Numa viagem de metrô partindo da estação Portuguesa-Tietê em direção à Luz, é possível ter uma visão apressada e potente desse quadro difícil. Da janela, no alto, veem-se praças tomadas por barracas, redes, lonas e papelão. Numa delas, à margem da avenida Cruzeiro do Sul, Nathalia*, 33, está vivendo com o marido, Pedro*, 31, desde agosto. Eles moravam no Jardim Marilena, em Guarulhos, na Grande São Paulo. Ela era diarista, e ele, pedreiro.

"Perdi o emprego em maio de 2020 e ele perdeu o dele em janeiro deste ano. A gente morava de aluguel, não deu pra pagar. Em maio, a gente foi morar na Sé, e agora conseguimos montar o barraco aqui", contou Nathalia, em frente à lona amarela que esticaram como cabana, amarrada no tronco de um árvore e presa no chão com tijolos e pedra. Ao lado da casa improvisada, ela colocou um jarro com uma pequena palmeira.

A covid-19 chegou ao Brasil superlotando hospitais, causando mortes e, de quebra, aprofundando as desigualdades. O PIB (Produto Interno Bruto) de 2020 caiu 4,3%, com desemprego atingindo 14 milhões de brasileiros e recorde de famílias em situação de extrema pobreza.

Pressionada, a Prefeitura antecipou um novo Censo.

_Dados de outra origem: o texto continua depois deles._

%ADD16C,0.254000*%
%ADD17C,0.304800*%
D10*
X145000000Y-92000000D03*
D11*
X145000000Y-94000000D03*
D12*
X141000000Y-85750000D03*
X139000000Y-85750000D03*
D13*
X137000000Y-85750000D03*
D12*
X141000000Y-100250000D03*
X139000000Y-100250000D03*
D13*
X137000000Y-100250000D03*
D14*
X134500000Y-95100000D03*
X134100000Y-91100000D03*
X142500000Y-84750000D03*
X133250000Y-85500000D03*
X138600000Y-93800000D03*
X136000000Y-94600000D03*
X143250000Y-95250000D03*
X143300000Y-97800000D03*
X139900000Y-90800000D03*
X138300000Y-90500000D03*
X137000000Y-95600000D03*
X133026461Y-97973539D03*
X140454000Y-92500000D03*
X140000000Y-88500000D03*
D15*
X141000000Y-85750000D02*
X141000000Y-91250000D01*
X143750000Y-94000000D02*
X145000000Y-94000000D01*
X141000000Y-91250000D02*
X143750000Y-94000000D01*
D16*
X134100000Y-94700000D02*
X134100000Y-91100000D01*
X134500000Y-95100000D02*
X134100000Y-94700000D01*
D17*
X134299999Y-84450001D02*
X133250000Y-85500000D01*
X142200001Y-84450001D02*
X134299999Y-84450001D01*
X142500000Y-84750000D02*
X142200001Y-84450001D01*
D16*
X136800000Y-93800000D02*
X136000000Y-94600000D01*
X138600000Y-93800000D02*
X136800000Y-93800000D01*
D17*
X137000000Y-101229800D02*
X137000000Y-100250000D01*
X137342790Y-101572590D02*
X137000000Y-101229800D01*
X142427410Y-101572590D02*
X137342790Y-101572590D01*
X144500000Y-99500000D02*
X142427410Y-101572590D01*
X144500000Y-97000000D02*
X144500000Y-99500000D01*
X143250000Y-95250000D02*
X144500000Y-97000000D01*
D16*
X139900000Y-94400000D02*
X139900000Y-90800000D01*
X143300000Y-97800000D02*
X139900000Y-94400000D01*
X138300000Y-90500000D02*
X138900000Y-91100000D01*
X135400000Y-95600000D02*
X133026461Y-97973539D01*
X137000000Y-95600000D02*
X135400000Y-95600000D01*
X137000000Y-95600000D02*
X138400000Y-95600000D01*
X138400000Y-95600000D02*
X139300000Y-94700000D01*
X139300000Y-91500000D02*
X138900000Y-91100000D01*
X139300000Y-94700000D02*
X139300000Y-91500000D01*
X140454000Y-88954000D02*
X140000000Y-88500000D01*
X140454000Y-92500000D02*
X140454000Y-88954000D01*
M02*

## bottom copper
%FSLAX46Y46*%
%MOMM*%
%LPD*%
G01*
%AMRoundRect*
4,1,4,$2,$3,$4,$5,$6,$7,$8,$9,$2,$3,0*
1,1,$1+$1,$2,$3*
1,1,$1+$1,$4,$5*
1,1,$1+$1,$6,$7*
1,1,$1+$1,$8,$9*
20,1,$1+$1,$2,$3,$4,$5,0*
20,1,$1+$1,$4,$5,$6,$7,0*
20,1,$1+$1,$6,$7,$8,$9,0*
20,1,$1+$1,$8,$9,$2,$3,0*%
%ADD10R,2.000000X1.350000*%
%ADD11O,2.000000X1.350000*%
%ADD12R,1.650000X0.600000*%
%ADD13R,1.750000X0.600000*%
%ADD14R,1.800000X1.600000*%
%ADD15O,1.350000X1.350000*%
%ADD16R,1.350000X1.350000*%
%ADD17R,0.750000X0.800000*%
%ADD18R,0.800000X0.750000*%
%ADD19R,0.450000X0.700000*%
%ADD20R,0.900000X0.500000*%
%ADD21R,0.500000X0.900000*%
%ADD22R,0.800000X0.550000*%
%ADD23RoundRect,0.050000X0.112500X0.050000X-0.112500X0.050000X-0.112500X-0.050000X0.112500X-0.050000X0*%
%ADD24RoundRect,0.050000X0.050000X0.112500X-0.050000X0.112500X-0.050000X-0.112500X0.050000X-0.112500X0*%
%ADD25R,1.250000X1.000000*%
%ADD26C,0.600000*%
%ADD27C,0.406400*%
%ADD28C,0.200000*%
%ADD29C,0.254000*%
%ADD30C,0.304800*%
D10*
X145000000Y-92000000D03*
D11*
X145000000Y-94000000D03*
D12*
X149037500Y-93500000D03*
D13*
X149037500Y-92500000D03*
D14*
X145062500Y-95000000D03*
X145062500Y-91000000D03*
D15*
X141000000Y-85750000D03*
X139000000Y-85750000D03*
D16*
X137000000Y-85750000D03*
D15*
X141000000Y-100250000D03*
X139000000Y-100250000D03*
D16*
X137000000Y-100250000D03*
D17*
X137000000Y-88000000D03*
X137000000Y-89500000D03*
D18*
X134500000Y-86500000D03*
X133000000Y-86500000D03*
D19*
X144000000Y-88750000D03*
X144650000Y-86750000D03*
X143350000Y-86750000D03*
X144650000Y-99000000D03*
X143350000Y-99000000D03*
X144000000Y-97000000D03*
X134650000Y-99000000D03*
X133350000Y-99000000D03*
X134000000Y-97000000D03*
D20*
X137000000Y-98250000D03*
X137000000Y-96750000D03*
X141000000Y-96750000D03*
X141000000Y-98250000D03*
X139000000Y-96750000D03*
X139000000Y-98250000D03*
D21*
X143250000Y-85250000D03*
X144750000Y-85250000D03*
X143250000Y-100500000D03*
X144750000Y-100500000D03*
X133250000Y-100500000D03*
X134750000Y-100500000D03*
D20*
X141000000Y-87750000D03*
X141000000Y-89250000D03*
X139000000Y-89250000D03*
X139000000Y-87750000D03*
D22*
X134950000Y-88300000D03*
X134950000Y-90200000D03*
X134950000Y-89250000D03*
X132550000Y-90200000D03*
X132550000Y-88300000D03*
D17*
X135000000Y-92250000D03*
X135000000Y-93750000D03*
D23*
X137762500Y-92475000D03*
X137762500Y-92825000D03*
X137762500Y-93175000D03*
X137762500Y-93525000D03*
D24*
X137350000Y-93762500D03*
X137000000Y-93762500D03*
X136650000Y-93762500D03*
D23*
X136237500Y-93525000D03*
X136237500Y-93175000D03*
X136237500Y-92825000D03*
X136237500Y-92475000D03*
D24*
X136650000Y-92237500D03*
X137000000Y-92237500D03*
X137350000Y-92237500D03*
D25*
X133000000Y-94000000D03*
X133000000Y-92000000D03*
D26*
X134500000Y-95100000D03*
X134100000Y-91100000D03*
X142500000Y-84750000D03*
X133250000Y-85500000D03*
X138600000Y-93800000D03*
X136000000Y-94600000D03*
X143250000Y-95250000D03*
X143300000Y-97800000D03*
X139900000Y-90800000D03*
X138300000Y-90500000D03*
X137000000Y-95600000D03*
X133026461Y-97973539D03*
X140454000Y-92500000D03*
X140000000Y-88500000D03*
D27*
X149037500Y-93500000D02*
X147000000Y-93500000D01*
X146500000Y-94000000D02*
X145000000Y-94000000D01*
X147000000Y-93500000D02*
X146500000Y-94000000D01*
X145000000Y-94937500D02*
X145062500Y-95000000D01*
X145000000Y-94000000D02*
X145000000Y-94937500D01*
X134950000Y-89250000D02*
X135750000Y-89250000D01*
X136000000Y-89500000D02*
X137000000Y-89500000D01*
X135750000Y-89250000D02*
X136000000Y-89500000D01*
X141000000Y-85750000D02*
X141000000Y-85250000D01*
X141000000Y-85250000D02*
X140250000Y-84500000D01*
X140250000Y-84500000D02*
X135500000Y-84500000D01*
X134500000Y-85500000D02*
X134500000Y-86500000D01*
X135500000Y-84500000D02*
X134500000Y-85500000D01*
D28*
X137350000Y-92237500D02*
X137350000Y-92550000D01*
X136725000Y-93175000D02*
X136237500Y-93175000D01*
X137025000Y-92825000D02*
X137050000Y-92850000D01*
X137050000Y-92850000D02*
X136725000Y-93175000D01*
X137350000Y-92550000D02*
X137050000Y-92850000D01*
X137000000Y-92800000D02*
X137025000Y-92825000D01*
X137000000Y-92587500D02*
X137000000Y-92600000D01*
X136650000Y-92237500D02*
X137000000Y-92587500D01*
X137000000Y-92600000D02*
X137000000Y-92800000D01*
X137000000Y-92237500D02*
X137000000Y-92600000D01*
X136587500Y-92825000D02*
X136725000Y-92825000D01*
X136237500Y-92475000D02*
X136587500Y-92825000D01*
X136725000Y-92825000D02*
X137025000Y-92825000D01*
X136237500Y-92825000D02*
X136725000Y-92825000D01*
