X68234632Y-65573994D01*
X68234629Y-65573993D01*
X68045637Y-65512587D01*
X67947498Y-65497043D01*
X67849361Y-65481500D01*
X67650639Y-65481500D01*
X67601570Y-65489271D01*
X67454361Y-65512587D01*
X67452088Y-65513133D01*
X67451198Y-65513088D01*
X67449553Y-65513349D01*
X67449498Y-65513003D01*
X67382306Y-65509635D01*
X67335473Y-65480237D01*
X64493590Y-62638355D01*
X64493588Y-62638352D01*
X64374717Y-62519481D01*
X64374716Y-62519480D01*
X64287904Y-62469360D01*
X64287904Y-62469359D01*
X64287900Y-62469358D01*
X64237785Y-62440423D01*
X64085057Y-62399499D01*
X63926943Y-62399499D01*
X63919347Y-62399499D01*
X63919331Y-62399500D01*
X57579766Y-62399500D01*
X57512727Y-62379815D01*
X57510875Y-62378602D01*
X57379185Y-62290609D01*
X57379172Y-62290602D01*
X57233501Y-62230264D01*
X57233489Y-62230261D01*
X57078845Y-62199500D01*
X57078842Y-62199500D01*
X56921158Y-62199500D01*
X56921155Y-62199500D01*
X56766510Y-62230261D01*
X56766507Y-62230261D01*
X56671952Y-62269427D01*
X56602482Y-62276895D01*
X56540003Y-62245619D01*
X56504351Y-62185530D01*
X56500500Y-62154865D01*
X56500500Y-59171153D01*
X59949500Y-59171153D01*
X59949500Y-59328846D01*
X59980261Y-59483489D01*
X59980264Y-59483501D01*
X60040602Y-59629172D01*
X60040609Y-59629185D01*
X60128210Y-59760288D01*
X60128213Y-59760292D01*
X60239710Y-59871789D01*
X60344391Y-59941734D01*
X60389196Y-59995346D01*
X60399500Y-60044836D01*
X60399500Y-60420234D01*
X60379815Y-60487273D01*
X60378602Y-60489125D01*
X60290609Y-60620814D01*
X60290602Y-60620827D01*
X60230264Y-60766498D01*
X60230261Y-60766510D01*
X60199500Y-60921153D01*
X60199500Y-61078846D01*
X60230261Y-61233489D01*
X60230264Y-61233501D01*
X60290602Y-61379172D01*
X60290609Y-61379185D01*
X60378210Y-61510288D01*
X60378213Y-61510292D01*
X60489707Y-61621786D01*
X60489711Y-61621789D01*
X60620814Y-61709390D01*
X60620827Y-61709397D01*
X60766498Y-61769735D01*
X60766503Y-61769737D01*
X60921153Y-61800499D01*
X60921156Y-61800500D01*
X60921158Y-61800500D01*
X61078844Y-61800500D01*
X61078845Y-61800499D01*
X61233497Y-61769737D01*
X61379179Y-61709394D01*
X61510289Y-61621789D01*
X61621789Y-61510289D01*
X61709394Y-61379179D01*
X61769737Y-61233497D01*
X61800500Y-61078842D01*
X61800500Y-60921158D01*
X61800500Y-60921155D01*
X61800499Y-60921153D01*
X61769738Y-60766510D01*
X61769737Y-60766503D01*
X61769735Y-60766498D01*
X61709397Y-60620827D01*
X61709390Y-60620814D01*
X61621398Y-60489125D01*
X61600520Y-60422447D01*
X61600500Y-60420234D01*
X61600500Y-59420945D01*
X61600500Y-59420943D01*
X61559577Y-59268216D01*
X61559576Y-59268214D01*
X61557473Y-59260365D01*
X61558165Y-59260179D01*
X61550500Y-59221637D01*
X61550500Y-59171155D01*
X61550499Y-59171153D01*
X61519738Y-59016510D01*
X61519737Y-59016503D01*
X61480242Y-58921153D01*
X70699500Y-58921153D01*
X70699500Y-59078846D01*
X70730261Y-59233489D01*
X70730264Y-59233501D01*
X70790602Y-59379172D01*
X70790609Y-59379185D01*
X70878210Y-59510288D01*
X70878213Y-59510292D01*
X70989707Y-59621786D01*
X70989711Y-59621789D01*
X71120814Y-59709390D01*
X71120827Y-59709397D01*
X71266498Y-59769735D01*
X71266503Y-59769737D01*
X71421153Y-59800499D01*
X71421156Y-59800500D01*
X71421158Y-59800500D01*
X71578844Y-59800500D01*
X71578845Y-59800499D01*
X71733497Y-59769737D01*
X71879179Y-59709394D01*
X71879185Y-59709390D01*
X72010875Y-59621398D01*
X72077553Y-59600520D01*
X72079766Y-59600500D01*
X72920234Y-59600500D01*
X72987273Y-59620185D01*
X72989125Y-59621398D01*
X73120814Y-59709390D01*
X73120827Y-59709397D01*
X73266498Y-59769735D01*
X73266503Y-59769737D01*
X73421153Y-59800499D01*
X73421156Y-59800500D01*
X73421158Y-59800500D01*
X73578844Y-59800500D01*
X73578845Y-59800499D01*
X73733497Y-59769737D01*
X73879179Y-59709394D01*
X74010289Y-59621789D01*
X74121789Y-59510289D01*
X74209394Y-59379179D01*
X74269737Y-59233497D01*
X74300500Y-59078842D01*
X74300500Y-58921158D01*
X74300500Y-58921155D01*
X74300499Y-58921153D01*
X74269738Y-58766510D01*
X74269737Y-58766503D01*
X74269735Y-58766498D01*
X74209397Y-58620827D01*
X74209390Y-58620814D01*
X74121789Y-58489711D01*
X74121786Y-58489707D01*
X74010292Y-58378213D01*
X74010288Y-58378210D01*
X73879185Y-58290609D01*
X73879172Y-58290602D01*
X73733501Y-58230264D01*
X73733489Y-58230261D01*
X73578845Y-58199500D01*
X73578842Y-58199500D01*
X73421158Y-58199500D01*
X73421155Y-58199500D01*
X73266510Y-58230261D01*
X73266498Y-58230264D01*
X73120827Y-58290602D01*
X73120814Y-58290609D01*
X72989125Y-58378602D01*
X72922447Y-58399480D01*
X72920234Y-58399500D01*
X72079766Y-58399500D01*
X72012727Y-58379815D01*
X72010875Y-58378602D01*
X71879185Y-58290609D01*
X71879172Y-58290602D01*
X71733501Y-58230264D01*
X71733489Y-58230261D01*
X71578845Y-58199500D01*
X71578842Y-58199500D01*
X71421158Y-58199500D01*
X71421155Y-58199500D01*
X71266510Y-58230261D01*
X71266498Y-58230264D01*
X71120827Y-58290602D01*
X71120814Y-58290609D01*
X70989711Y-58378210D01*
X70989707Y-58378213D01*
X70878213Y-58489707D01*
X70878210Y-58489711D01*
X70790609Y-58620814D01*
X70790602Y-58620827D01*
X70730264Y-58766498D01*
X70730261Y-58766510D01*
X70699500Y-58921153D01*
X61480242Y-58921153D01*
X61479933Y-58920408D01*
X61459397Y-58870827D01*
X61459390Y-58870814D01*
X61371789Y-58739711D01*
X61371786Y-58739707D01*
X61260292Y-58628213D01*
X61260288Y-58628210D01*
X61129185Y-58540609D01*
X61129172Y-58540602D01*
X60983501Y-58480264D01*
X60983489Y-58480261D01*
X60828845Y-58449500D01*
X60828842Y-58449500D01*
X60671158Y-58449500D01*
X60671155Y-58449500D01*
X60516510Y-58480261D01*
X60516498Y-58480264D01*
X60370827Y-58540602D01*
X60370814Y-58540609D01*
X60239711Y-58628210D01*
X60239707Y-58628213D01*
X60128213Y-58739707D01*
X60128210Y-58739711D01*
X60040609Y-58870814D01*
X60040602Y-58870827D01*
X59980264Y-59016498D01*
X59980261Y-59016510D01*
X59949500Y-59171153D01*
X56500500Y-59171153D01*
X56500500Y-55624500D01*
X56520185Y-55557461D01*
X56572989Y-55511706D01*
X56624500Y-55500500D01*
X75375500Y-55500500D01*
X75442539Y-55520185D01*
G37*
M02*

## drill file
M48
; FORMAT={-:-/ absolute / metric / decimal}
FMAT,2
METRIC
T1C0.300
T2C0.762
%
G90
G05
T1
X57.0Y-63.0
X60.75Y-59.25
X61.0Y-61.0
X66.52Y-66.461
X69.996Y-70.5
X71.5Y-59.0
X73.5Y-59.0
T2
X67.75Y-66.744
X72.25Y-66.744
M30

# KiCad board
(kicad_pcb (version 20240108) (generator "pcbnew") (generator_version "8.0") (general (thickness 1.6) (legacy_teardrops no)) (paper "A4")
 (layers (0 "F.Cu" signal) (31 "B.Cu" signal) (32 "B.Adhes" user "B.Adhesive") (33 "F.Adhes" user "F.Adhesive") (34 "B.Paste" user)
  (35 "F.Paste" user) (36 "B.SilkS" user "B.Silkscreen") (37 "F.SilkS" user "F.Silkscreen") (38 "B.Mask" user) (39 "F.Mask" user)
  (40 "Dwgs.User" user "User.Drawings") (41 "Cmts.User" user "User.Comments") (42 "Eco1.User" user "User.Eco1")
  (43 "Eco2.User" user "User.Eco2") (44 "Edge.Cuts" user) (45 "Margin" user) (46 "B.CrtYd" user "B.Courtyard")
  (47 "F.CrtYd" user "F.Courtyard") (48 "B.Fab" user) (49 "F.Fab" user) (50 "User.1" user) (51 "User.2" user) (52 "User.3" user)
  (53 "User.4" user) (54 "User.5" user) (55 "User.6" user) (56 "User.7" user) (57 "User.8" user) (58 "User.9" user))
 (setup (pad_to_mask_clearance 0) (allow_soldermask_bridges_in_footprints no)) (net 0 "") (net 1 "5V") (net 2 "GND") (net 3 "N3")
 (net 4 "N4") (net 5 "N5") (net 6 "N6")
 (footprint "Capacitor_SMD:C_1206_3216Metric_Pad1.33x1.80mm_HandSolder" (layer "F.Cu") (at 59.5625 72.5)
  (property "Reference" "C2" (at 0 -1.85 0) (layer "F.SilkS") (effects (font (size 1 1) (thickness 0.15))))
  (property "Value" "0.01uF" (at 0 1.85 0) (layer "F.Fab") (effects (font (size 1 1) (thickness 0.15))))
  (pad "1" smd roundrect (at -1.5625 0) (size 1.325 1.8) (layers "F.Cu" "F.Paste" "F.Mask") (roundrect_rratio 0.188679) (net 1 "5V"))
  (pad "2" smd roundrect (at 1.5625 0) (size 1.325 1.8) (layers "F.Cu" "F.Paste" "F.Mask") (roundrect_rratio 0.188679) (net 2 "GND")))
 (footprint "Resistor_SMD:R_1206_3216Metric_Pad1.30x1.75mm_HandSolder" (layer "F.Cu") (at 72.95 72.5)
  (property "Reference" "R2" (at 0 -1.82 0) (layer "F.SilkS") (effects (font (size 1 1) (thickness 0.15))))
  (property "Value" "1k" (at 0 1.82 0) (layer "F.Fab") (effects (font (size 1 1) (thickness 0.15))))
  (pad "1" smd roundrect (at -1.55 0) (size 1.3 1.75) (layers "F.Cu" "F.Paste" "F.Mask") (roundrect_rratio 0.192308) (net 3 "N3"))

O levantamento já começou a ser feito e deve ser divulgado em maio de 2022 — seu lançamento estava previsto, antes da pandemia, só para 2023.

Robson Mendonça, fundador do Movimento Estadual da População em Situação de Rua, afirma que o cenário piorou. "É um problema que salta aos olhos de todos. Notamos, hoje, que a população em situação de rua aumentou não só na quantidade, mas houve uma mudança de perfil. Famílias inteiras com crianças passaram a conviver nas ruas", disse.

O próprio fato de ter de estimar quantas e como são as pessoas que moram nas ruas reflete um problema grave, explica a pesquisadora Juliana Reimberg. "Nós não temos dados, e sem dados é difícil pensar em políticas públicas. Temos uma população que é invisível." Talvez não tão invisível assim: até o pátio de uma igreja do Itaim Bibi virou Praça da Sé.